Key Findings
- South Carolina lawmakers passed legislation, now signed by the governor, that would eliminate the state’s individual income tax over time.
- This would reduce revenue in South Carolina by $309 million this year, with full income tax elimination costing over $6.6 billion a year – nearly 45 percent of the current state general fund.
- This short-sighted move will jeopardize the many public services that South Carolinians rely on, and it comes as many states are doing the opposite and seeking to preserve revenue as they feel and continue to brace for the impact of recent federal tax and spending changes under the so-called “One Big Beautiful Bill Act” (OBBBA).
- The legislation would also disproportionately benefit the wealthiest South Carolinians, who just received a windfall from the federal tax cuts (to the tune of over $68,000 a year, on average, for the wealthiest 1 percent).
Bill Summary
H 4216 would make the following changes to South Carolina’s tax system (all changes are retroactive to 2026, except the triggers, which begin in 2027):
- Collapses the state’s three-bracket individual income tax structure into two brackets with rates of 1.99 percent on the first $30,000 of income and 5.2 percent on income over $30,000.
- Implements rate reduction triggers1 starting in 2027. If reached, the second bracket of 5.2 percent will be reduced until it collapses into the 1.99 percent bracket. At that point, the 1.99 percent flat rate will trigger down until it hits zero.
- Requires that filers add back their federal standard or itemized deductions to their Federal Taxable Income (FTI). South Carolina is one of seven states that start their state income tax calculations using FTI instead of Federal Adjusted Gross Income (FAGI).
- Creates the South Carolina Income-Adjusted Deduction (SCIAD) to replace federal standard and itemized deductions. This allows single filers to deduct $15,000, phasing out between $40,000 and $95,000 of income; Head of Household filers to deduct $22,500, phasing out between $60,000 and $142,500 of income; and joint filers to deduct $30,000, phasing out between $80,000 and $190,000 of income.

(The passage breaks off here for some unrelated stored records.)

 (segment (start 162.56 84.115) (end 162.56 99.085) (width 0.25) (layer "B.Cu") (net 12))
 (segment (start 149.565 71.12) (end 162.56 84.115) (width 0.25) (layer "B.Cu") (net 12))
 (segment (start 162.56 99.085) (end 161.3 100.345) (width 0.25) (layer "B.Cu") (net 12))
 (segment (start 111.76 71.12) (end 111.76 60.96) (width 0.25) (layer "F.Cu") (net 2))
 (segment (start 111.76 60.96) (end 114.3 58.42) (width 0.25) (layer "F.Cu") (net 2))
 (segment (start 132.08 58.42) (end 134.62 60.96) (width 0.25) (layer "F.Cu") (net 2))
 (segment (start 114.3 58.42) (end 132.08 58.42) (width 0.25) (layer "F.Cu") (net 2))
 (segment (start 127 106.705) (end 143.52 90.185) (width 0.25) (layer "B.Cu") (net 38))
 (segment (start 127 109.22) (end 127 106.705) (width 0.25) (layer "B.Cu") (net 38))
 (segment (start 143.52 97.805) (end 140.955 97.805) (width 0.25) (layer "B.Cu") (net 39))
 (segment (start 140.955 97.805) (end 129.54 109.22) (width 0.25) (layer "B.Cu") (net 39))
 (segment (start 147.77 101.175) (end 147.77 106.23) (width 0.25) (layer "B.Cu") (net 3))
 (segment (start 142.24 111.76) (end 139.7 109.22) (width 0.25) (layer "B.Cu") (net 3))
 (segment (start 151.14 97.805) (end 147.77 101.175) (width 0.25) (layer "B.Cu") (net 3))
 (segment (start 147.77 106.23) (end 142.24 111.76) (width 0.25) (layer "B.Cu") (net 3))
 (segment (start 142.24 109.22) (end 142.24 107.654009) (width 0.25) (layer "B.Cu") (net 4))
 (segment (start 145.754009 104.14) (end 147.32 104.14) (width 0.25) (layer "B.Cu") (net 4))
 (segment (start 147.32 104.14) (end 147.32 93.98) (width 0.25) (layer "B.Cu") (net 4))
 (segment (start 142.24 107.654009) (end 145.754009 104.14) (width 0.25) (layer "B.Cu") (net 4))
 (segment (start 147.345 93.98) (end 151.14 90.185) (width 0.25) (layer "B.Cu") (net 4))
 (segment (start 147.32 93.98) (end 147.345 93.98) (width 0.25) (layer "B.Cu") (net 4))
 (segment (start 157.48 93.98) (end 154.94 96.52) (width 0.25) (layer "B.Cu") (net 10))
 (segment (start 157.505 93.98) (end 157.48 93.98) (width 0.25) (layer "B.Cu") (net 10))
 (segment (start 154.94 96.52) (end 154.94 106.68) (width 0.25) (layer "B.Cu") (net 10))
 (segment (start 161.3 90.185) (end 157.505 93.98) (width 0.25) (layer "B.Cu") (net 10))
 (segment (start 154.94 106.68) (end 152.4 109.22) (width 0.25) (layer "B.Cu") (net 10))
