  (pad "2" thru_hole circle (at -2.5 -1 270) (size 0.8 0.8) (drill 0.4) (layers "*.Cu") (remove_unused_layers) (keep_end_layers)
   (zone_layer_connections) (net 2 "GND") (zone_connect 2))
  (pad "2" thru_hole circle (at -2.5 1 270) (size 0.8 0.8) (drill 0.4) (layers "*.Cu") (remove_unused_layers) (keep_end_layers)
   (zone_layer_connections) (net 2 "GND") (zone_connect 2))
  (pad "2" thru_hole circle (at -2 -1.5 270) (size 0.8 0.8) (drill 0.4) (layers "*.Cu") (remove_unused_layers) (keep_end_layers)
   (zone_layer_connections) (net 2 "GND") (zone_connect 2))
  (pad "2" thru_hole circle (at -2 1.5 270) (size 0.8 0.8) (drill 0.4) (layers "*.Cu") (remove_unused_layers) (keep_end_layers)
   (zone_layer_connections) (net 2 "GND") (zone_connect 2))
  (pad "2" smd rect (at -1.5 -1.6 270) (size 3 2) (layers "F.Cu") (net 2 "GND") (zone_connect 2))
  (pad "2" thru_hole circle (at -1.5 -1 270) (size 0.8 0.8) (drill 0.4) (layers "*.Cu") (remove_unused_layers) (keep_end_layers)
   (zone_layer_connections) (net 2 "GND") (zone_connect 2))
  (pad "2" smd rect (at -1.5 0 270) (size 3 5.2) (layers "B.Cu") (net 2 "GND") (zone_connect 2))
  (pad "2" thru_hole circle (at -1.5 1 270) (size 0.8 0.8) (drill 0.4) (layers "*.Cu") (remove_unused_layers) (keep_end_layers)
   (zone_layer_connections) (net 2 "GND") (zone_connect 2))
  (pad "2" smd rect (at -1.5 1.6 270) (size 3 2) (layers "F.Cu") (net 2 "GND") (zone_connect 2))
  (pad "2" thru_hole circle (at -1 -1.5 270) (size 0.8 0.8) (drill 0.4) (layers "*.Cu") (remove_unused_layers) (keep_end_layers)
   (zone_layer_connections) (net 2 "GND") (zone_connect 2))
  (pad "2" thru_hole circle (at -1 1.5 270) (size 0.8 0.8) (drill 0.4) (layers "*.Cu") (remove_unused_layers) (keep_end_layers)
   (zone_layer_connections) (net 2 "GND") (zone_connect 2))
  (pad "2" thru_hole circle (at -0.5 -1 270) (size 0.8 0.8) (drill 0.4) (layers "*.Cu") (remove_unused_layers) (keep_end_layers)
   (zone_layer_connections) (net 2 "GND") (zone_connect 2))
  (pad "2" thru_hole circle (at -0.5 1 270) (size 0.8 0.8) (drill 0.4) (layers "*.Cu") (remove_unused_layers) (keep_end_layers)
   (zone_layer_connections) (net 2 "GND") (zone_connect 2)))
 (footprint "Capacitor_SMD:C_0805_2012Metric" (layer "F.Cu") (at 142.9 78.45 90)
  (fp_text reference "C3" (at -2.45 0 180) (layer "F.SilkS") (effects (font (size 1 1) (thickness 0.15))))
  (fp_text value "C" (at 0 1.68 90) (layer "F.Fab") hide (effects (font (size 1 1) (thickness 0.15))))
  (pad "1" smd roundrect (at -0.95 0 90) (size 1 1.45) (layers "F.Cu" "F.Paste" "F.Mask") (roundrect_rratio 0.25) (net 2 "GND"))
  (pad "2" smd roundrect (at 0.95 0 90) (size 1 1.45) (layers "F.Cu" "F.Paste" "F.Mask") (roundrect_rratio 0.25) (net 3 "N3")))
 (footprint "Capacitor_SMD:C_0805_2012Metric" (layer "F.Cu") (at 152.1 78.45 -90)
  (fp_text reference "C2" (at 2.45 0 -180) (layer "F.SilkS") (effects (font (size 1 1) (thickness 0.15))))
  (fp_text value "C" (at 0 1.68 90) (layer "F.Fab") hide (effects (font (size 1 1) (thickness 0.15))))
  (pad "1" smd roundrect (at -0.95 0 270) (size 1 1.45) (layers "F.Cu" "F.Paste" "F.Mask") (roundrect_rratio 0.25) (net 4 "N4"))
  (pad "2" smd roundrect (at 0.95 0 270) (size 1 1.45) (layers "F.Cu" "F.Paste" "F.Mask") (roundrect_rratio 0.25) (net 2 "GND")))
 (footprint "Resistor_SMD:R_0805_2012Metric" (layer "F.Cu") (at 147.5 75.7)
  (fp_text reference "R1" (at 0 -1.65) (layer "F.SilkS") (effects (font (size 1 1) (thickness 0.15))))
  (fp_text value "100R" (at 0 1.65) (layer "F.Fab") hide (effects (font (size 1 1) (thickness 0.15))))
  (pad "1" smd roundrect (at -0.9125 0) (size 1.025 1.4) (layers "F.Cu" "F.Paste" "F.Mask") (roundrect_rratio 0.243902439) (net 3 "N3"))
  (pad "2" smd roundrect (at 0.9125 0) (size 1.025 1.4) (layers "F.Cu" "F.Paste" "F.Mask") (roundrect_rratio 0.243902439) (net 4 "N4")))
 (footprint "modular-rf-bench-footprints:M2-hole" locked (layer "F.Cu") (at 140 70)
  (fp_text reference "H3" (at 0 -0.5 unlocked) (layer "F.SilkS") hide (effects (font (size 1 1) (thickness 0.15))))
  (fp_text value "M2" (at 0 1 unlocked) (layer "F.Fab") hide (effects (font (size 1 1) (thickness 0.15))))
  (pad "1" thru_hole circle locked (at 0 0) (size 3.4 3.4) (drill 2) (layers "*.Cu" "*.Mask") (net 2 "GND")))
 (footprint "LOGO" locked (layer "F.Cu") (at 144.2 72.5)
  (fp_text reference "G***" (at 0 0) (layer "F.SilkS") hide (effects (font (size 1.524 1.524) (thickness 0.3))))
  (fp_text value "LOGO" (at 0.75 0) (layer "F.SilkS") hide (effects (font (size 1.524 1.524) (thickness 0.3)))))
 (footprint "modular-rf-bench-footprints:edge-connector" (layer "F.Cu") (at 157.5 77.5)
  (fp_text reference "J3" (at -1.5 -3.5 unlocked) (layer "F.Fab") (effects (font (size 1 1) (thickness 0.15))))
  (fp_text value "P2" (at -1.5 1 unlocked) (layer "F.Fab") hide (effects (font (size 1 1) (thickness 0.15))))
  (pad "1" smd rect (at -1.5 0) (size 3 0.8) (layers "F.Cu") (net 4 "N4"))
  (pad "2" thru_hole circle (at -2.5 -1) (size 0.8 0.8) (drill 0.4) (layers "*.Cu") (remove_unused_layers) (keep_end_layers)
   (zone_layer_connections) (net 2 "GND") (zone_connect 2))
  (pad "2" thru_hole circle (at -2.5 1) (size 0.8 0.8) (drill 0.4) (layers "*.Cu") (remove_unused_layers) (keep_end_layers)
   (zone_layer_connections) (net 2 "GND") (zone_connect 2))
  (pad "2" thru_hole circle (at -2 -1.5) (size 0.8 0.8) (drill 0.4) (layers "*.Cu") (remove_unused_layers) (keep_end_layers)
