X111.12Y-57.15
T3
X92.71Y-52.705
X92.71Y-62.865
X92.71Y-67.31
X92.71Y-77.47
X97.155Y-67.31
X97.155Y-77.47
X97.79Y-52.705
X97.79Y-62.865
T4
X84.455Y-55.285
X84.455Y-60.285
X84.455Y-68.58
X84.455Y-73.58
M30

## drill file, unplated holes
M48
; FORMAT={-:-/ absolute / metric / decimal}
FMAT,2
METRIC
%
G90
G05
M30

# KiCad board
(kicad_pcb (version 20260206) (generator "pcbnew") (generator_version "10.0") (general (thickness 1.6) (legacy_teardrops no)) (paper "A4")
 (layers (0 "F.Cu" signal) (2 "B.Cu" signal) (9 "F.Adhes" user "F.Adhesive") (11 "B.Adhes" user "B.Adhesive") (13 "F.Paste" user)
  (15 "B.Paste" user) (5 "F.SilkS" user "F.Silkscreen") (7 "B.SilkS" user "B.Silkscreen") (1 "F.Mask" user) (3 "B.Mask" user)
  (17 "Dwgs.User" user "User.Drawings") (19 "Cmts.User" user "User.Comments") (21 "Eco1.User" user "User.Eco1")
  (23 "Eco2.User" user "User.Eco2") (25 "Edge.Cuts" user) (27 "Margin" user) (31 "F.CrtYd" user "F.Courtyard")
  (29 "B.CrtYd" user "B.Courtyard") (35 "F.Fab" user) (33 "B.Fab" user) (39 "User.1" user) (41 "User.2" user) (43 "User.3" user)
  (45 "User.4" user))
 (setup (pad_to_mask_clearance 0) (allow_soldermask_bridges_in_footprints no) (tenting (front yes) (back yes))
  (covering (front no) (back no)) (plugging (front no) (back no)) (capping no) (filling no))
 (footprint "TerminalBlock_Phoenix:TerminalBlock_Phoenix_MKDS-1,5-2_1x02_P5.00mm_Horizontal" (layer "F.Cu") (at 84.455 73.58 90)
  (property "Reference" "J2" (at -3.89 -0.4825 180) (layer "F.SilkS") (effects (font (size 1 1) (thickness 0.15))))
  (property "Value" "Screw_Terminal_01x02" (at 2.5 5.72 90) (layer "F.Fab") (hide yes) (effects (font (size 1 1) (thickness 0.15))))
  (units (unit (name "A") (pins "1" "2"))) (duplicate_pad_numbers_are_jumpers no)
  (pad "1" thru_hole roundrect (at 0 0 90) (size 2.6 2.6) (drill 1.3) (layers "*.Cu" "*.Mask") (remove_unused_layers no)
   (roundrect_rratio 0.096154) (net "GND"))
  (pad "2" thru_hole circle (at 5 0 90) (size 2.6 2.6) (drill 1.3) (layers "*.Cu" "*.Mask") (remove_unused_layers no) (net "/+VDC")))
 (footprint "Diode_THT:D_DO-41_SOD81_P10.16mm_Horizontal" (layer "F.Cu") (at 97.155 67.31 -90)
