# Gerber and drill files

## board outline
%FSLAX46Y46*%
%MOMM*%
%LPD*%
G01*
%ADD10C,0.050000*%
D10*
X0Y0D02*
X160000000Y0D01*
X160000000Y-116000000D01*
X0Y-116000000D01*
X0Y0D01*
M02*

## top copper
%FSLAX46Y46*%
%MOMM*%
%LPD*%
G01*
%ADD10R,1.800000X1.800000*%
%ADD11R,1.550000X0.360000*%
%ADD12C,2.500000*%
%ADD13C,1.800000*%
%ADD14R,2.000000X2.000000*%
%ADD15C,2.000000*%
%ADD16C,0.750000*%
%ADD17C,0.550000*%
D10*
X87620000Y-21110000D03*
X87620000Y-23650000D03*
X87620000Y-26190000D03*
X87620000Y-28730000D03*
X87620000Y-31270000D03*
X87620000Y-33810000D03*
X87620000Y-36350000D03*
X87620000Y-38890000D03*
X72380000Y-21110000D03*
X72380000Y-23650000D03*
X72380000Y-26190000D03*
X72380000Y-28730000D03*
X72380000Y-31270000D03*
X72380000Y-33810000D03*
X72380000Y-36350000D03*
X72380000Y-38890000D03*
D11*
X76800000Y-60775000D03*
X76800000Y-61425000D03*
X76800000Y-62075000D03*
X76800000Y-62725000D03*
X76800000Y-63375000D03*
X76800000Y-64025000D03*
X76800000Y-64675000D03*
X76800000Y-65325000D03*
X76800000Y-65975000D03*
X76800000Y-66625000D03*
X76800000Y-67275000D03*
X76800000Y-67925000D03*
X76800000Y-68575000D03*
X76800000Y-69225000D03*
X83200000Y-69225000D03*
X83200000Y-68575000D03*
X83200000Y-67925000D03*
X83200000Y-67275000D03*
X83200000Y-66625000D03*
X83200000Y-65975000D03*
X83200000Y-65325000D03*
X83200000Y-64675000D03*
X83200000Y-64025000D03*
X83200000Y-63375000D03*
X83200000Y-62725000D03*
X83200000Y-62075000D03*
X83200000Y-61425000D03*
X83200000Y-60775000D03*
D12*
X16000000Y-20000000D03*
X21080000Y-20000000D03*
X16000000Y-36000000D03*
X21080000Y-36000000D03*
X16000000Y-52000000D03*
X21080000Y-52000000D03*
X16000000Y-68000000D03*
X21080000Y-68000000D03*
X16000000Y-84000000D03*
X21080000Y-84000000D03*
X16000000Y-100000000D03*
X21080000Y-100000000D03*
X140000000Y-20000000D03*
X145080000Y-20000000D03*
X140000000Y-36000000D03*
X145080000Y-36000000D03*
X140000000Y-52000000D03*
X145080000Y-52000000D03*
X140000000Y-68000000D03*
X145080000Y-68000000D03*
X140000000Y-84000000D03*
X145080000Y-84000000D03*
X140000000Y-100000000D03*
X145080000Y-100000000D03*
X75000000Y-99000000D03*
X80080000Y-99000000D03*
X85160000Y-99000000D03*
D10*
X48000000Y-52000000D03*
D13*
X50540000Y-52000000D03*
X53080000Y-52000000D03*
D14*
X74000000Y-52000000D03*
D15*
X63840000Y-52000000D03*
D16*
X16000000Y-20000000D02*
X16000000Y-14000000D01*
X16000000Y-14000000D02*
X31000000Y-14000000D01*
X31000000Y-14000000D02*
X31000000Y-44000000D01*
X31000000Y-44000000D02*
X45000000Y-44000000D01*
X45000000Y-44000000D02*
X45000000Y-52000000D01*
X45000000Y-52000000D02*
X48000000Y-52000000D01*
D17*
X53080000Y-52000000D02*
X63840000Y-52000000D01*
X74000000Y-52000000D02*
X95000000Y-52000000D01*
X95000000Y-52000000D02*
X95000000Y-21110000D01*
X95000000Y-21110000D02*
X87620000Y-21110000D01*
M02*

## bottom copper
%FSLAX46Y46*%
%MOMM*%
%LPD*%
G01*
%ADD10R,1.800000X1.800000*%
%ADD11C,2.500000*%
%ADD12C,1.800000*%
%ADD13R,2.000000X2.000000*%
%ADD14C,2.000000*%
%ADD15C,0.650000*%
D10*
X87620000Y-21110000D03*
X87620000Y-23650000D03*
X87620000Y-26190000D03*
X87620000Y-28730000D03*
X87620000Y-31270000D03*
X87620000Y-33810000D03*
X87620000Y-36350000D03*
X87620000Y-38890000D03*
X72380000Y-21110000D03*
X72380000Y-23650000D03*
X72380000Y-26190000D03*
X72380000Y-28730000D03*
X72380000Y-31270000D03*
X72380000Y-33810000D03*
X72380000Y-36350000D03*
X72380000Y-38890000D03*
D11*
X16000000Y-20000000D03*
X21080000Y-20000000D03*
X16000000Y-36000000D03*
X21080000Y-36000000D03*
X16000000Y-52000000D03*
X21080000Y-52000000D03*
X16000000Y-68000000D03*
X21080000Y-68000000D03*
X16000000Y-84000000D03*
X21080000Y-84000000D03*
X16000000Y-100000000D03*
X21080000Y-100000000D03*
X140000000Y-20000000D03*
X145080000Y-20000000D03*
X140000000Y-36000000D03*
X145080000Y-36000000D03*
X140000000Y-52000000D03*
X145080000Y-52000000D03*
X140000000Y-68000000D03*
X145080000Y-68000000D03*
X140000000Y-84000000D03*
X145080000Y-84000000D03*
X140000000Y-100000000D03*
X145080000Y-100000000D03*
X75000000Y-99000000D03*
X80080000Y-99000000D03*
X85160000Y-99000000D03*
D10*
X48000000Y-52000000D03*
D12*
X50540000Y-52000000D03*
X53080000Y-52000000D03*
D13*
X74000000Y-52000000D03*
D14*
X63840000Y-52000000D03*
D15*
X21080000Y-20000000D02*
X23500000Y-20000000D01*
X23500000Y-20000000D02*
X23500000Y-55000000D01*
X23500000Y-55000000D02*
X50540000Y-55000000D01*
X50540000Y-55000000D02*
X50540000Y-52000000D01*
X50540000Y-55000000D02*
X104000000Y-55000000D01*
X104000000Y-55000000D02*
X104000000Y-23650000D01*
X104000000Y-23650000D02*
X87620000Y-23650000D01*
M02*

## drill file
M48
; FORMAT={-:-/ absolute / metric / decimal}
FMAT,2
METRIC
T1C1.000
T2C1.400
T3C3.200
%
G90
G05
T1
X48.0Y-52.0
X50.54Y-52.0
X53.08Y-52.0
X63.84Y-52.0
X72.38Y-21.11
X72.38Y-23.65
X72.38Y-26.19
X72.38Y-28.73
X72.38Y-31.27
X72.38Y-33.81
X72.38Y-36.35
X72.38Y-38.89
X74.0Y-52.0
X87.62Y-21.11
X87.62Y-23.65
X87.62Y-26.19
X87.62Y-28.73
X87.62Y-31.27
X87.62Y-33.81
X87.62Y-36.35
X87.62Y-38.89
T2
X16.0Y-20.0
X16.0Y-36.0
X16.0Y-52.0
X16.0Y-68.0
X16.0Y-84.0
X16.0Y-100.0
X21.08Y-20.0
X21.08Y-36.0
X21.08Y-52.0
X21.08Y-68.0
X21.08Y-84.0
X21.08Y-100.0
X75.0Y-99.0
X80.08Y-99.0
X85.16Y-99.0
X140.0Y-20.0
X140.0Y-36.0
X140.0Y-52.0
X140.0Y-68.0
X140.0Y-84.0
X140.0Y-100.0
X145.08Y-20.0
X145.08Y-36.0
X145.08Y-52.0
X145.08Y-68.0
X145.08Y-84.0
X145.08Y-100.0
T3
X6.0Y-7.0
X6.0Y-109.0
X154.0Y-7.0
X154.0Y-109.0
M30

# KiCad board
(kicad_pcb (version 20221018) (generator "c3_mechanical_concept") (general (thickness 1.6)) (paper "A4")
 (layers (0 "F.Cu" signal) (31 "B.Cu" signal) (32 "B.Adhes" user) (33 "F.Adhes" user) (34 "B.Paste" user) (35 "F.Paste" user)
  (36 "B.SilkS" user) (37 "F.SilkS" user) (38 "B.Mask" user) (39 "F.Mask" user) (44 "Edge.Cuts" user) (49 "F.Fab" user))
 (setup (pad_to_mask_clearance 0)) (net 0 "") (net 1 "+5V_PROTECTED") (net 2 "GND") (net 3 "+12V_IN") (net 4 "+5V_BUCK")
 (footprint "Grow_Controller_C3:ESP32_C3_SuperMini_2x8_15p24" (layer "F.Cu") (at 80 30)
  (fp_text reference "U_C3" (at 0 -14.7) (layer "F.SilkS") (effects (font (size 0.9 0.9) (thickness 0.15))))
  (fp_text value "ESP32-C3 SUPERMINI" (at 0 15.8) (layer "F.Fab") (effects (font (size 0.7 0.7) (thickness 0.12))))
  (pad "1" thru_hole rect (at 7.62 -8.89) (size 1.8 1.8) (drill 1.0) (layers "*.Cu" "*.Mask") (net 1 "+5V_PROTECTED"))
  (pad "2" thru_hole rect (at 7.62 -6.35) (size 1.8 1.8) (drill 1.0) (layers "*.Cu" "*.Mask") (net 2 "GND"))
  (pad "3" thru_hole rect (at 7.62 -3.81) (size 1.8 1.8) (drill 1.0) (layers "*.Cu" "*.Mask"))
  (pad "4" thru_hole rect (at 7.62 -1.27) (size 1.8 1.8) (drill 1.0) (layers "*.Cu" "*.Mask"))
  (pad "5" thru_hole rect (at 7.62 1.27) (size 1.8 1.8) (drill 1.0) (layers "*.Cu" "*.Mask"))
  (pad "6" thru_hole rect (at 7.62 3.81) (size 1.8 1.8) (drill 1.0) (layers "*.Cu" "*.Mask"))
  (pad "7" thru_hole rect (at 7.62 6.35) (size 1.8 1.8) (drill 1.0) (layers "*.Cu" "*.Mask"))
  (pad "8" thru_hole rect (at 7.62 8.89) (size 1.8 1.8) (drill 1.0) (layers "*.Cu" "*.Mask"))
  (pad "9" thru_hole rect (at -7.62 -8.89) (size 1.8 1.8) (drill 1.0) (layers "*.Cu" "*.Mask"))
  (pad "10" thru_hole rect (at -7.62 -6.35) (size 1.8 1.8) (drill 1.0) (layers "*.Cu" "*.Mask"))
  (pad "11" thru_hole rect (at -7.62 -3.81) (size 1.8 1.8) (drill 1.0) (layers "*.Cu" "*.Mask"))
  (pad "12" thru_hole rect (at -7.62 -1.27) (size 1.8 1.8) (drill 1.0) (layers "*.Cu" "*.Mask"))
  (pad "13" thru_hole rect (at -7.62 1.27) (size 1.8 1.8) (drill 1.0) (layers "*.Cu" "*.Mask"))
  (pad "14" thru_hole rect (at -7.62 3.81) (size 1.8 1.8) (drill 1.0) (layers "*.Cu" "*.Mask"))
  (pad "15" thru_hole rect (at -7.62 6.35) (size 1.8 1.8) (drill 1.0) (layers "*.Cu" "*.Mask"))
  (pad "16" thru_hole rect (at -7.62 8.89) (size 1.8 1.8) (drill 1.0) (layers "*.Cu" "*.Mask")))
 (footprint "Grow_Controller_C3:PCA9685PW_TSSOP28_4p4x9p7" (layer "F.Cu") (at 80 65)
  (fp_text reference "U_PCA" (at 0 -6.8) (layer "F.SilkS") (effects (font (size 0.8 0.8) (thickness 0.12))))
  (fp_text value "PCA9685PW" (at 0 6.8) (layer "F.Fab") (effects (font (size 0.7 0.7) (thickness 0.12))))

- Caps South Carolina’s already meager nonrefundable Earned Income Tax Credit at $200, therefore raising taxes on low- and middle-income South Carolinians and cutting the amount the state spends on their EITC in half.2
Bill Analysis
The initial impact of H 4216 would result in a $309 million revenue loss in 2026, according to South Carolina’s Revenue and Fiscal Affairs Office. The swap from federal deductions to the new SCIAD would initially raise taxes for 23 percent of filers. While most of these increases are on the highest-income 20 percent of filers who are now less likely to receive the new SCIAD, the overall distribution of the tax changes remains regressive. The bottom 20 percent of South Carolinians – households making under $23,200 annually – would receive no tax savings. Rather, the lowest-income South Carolinians are more likely to see a tax increase due to the new $200 cap on the state’s EITC.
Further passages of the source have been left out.